“Nice underwear,” her sister said. “Is it new?”
Eva pushed her sundress down. “Ma always told us to wear nice underwear in case we were in an accident.”
“I have a feeling even Ma didn’t envision you getting us stuck in the alley.”
Eva snorted. “Duck so I don’t hit you when I bring my legs over.” She rolled onto her back and swung her legs over the headrest.
“Okay, hug the door,” Gia said, and then gracefully slid into the back seat. She gave Eva a smug grin. “I’m telling you, you have to start coming to my yoga classes.”
Three minutes later, they discovered the back doors wouldn’t open but there was enough room to get out the back windows. At least for Gia there was. Eva’s legs and butt were hanging out the window. Struggling to keep her dress from riding up with one hand while pushing herself the rest of the way out of the window with the other hand, she muttered at her sister, who’d gotten out of the window as easily as she’d gotten into the back seat. “G, what are you doing? I could use a hand here.”
Her sister’s head popped up in the open window on the other side of the car. “I dropped my purse, and my change fell out. Just give me a sec.”
“Leave it! I think we’ve drawn a crowd, and I can’t get out of the window.”
At that moment, large, warm hands that definitely didn’t belong to her sister settled on either side of Eva’s waist and a deep voice with a British accent said, “Mind your head.”
When Eva’s feet landed firmly on the ground, she leaned against James’s hard body and tilted her head back. “My hero.”
The corner of his mouth twitched, taking her back to Sunday night and their accidental kiss. She’d spent an inordinate amount of time during the dinner thinking about that kiss. It had thrown her off her breakup game as much as David bringing up Camilla had.
Eva needn’t have worried, though. David and Gavin had done a bang-up job without any help from her. And inviting Luke and his family had been an inspired idea. She hadn’t missed the way Lila’s gaze kept going to the table across from them, and neither had David.
“You do know that you just flashed half of Sunshine Bay and that several people had their phones out?”
She turned in his arms. “Good thing I was wearing nice underwear.” Over his shoulder, Eva spotted Johnny Wright, a guy she’d gone to school with and the owner of Surfside, glancing at his phone with a grin on his face. “Johnny, you better not put that up on the bar’s Instagram account.”
Johnny crossed his heart. “No way, babe. This is for my own personal use.”
She was pretty sure he was joking. “You need to start dating, Johnny. You really do.”
“You keep turning me down,” he said with a wink as he walked back into the bar.
“That really doesn’t bother you?” James asked.
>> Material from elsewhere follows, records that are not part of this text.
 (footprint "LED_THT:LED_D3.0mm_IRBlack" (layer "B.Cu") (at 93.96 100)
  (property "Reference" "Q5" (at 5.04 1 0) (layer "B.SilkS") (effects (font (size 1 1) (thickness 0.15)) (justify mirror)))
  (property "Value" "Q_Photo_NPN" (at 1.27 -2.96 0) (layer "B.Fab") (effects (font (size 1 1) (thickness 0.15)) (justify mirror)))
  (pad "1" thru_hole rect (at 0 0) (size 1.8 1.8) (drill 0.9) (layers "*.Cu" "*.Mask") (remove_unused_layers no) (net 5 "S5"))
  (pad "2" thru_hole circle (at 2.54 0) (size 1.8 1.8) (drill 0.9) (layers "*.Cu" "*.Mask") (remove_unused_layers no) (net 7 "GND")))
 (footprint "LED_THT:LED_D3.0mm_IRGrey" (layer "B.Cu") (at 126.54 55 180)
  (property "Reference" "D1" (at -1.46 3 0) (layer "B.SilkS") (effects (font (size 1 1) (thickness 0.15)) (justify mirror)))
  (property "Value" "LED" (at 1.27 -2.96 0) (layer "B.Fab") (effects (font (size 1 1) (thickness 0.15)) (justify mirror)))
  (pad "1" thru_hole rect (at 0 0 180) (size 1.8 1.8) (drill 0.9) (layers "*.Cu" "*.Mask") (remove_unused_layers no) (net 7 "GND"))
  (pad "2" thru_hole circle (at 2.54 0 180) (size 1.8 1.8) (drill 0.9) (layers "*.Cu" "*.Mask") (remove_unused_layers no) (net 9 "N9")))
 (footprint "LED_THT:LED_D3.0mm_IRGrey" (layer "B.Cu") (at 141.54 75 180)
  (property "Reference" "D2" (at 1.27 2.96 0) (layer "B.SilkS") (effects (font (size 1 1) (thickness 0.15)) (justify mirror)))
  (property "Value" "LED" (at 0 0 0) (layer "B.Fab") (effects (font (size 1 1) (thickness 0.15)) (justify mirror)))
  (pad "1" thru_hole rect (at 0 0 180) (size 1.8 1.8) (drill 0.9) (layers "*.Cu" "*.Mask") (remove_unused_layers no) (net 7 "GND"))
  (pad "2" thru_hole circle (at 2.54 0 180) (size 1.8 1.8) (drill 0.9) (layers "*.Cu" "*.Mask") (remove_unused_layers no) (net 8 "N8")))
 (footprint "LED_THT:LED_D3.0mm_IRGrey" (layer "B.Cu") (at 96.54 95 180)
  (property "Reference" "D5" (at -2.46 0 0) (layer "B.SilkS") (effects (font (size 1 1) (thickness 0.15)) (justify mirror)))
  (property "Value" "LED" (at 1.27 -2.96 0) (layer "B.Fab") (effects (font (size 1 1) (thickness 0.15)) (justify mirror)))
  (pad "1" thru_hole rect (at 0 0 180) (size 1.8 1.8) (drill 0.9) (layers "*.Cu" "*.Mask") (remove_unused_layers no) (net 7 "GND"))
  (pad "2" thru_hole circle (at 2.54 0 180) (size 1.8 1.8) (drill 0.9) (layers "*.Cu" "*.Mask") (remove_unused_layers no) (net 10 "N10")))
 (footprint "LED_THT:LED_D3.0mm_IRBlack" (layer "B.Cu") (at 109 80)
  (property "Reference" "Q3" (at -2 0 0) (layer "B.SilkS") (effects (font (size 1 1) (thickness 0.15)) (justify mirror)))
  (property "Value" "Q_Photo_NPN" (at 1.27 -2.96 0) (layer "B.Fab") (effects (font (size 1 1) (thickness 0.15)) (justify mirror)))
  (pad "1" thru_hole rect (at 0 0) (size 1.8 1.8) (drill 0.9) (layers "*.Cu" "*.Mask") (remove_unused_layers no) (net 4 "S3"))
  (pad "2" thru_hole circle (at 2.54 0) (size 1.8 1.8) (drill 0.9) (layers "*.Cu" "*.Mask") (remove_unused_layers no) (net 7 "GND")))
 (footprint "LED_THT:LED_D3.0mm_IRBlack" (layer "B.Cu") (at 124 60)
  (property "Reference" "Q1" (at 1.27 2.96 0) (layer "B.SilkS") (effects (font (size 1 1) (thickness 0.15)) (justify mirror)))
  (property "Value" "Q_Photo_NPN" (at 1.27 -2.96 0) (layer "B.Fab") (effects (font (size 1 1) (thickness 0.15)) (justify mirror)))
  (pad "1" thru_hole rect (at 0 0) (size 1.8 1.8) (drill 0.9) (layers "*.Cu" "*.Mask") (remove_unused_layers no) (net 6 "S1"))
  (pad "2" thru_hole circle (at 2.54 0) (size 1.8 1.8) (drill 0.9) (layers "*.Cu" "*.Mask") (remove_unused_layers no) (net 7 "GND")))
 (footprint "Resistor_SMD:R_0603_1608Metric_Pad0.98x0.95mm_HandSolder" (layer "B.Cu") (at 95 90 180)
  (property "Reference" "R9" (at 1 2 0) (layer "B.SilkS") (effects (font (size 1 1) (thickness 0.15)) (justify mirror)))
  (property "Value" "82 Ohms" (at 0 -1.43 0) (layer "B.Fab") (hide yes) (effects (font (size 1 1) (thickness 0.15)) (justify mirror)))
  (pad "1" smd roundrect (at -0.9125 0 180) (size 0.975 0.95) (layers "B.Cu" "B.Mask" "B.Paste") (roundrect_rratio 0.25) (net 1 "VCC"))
She shrugged. “Why should it? My underwear covers more of me than half the women’s bathing suit bottoms do.”
“Half the women don’t look like you,” he muttered.
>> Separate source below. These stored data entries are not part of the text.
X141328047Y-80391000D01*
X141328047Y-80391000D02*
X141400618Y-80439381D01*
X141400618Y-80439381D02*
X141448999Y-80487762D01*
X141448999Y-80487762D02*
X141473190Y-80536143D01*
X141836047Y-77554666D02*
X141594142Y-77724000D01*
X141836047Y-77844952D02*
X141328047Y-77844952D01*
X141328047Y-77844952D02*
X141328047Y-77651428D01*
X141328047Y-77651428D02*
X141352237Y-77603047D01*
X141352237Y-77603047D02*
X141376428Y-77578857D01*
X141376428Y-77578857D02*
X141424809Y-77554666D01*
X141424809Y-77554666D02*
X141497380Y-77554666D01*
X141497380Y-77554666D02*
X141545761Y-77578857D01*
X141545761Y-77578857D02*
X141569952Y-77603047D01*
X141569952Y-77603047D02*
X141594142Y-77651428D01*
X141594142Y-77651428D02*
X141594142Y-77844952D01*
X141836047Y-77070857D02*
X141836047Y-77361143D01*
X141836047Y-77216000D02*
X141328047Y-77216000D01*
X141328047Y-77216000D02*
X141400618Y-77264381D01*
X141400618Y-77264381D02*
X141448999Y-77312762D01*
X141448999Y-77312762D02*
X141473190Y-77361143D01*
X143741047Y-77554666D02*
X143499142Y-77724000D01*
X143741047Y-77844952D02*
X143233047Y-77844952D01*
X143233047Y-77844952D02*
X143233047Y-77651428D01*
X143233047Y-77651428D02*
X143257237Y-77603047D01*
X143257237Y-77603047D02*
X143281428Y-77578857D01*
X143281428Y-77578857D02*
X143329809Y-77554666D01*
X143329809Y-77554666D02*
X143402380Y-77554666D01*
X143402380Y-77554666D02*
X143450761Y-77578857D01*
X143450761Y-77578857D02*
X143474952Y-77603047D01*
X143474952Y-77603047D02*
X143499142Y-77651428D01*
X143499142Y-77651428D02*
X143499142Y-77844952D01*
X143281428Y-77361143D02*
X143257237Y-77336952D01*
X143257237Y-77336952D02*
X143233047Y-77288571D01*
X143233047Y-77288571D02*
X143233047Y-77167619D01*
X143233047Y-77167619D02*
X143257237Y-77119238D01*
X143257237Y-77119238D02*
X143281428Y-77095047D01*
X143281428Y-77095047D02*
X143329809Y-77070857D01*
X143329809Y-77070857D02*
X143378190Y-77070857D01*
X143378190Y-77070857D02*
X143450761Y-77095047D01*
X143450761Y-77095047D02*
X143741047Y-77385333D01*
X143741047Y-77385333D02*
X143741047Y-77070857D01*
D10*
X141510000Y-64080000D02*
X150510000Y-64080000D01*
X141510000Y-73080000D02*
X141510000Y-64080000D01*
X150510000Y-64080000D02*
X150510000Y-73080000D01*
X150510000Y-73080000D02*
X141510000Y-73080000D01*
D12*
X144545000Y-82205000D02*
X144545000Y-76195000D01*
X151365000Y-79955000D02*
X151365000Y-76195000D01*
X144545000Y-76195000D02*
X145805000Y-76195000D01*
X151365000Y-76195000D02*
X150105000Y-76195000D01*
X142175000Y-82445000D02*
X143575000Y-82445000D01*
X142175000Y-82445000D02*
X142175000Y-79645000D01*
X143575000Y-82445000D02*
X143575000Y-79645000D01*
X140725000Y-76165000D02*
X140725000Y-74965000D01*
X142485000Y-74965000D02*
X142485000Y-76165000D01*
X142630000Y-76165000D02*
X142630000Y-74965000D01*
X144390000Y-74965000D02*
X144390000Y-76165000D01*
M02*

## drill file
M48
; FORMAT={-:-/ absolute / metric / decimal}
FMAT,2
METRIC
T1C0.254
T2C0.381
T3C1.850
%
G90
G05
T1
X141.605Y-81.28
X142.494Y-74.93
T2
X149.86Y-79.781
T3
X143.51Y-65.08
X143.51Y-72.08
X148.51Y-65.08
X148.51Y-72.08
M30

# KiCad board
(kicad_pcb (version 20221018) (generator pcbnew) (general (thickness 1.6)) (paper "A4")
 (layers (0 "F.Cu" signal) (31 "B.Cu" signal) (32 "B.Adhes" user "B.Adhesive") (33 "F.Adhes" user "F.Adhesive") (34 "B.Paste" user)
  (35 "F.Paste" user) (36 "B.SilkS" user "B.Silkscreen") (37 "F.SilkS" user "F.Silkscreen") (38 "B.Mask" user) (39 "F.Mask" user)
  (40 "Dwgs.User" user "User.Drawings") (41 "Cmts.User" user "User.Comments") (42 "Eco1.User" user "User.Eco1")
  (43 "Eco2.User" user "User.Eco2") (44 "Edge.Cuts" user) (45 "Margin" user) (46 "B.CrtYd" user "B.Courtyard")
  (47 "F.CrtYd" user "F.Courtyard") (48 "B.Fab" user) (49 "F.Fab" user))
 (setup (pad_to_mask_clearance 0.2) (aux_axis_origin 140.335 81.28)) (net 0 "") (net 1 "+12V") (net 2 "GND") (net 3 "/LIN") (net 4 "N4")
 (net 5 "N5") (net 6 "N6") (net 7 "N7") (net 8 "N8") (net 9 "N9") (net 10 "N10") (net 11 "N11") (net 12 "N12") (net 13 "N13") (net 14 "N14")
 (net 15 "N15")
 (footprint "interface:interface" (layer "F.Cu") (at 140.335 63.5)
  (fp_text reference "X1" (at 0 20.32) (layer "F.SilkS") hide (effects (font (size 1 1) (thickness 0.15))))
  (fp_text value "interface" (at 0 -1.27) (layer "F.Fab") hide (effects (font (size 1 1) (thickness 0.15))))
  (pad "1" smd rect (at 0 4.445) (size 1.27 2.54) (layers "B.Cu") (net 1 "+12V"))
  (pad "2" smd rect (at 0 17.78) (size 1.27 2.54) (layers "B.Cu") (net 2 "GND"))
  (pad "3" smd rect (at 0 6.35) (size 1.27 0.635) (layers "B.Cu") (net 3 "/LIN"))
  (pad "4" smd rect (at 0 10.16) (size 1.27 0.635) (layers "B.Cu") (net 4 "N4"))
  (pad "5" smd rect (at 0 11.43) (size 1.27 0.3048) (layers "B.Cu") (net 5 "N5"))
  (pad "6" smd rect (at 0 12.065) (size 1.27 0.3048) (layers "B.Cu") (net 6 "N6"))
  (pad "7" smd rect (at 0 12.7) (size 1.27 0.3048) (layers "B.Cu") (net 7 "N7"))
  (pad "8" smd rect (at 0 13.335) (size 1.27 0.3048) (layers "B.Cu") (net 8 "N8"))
“Was that a compliment, James?”
He held her gaze, and she felt as she had the first time her mother left her in charge of the dinner service—flustered, afraid she wouldn’t get it right and it would end up a disaster.
She cleared the nerves from her throat and dragged her gaze from his, turning her head to get a look at the car. “My mother really is going to kill me.”
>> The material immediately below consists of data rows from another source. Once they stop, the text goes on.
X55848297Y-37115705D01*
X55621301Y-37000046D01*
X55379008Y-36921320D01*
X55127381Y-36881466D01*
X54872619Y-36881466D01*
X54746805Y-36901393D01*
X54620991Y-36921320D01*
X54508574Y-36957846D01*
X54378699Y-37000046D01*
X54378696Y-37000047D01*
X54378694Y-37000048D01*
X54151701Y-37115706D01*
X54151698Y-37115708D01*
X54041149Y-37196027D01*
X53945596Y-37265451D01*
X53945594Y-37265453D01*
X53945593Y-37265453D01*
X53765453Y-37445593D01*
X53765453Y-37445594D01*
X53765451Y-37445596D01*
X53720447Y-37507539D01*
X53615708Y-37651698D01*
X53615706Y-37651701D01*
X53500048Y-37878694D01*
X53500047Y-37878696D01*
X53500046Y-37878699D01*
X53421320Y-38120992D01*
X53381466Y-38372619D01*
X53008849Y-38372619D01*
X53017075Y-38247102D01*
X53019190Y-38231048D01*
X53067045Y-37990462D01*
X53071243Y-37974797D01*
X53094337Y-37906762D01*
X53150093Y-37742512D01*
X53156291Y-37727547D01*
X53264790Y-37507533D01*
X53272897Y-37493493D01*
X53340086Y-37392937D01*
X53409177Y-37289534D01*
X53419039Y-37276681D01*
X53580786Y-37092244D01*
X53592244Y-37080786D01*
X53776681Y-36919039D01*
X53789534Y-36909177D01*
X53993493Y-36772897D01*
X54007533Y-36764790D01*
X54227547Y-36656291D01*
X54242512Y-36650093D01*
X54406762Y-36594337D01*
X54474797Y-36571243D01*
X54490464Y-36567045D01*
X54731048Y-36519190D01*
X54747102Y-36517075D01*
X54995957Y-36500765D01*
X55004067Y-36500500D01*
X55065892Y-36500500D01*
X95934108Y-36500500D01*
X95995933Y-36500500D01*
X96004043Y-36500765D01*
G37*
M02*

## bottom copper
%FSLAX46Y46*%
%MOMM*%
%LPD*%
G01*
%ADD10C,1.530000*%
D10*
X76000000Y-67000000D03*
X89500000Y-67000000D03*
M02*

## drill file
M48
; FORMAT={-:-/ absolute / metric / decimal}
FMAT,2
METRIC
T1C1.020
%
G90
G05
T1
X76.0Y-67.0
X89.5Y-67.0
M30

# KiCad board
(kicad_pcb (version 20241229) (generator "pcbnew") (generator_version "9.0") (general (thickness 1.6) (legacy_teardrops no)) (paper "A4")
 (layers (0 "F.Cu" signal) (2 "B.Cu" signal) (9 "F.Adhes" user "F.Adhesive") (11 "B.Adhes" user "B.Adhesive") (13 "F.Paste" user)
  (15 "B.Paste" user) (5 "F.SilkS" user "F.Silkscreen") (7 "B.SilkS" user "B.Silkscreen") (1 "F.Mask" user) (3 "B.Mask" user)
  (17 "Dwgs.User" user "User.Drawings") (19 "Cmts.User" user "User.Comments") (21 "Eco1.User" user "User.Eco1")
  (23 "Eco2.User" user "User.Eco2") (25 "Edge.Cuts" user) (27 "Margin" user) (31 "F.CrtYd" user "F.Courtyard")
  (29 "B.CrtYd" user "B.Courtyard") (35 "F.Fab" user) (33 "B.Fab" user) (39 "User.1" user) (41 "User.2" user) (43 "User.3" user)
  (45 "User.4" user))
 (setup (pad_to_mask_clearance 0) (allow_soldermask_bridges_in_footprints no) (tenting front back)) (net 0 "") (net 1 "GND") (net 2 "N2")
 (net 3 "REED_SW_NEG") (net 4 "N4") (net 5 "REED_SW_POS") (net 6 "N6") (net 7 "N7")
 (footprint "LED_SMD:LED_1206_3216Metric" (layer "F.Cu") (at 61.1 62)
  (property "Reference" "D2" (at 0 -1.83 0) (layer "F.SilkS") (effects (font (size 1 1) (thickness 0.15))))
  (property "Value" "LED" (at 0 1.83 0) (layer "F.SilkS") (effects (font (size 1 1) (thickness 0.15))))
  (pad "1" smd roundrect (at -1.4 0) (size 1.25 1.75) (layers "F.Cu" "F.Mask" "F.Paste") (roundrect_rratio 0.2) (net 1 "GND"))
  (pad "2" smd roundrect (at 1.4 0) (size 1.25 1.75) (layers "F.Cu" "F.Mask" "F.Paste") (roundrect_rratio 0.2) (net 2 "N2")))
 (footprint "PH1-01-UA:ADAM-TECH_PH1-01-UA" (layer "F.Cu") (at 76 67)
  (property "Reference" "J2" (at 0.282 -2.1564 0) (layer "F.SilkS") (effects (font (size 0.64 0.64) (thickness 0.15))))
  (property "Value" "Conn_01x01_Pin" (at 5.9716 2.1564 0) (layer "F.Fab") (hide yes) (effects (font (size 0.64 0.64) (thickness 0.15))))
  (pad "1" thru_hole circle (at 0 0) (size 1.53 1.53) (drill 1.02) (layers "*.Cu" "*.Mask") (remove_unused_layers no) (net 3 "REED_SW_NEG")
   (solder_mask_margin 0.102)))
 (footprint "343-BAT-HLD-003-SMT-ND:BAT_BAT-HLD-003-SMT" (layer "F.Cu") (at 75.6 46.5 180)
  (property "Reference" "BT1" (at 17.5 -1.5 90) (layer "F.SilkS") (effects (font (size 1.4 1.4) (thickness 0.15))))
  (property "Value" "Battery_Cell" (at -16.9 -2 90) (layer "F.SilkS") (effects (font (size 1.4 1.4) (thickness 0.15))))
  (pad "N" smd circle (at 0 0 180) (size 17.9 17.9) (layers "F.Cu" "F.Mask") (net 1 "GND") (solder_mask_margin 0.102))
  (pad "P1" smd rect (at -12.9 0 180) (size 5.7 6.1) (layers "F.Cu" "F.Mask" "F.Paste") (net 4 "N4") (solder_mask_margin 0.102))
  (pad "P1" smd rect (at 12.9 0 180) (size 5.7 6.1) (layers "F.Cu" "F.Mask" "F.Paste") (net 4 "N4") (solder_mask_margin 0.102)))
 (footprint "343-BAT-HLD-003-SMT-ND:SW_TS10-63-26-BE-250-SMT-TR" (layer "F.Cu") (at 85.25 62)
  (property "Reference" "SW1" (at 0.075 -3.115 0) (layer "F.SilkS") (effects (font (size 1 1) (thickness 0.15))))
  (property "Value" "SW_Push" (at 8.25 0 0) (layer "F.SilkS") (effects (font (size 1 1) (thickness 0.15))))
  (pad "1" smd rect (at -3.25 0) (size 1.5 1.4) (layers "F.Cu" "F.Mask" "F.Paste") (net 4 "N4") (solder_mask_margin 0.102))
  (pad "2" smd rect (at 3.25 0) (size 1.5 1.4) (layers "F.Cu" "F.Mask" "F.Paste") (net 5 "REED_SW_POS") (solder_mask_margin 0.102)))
“I’ll take care of the car. You go deal with our daughter.”
“What’s wrong?”
“I think she has cold feet.”
Eva couldn’t help it. She smiled.
“On second thought, you take care of the car, and I’ll take care of Lila.”
“Don’t be silly. It’s the mother of the bride’s job to shop for the wedding dress, not the father of the bride’s.”
“If the mother of the bride wasn’t trying to sabotage the wedding, I’d agree with you.”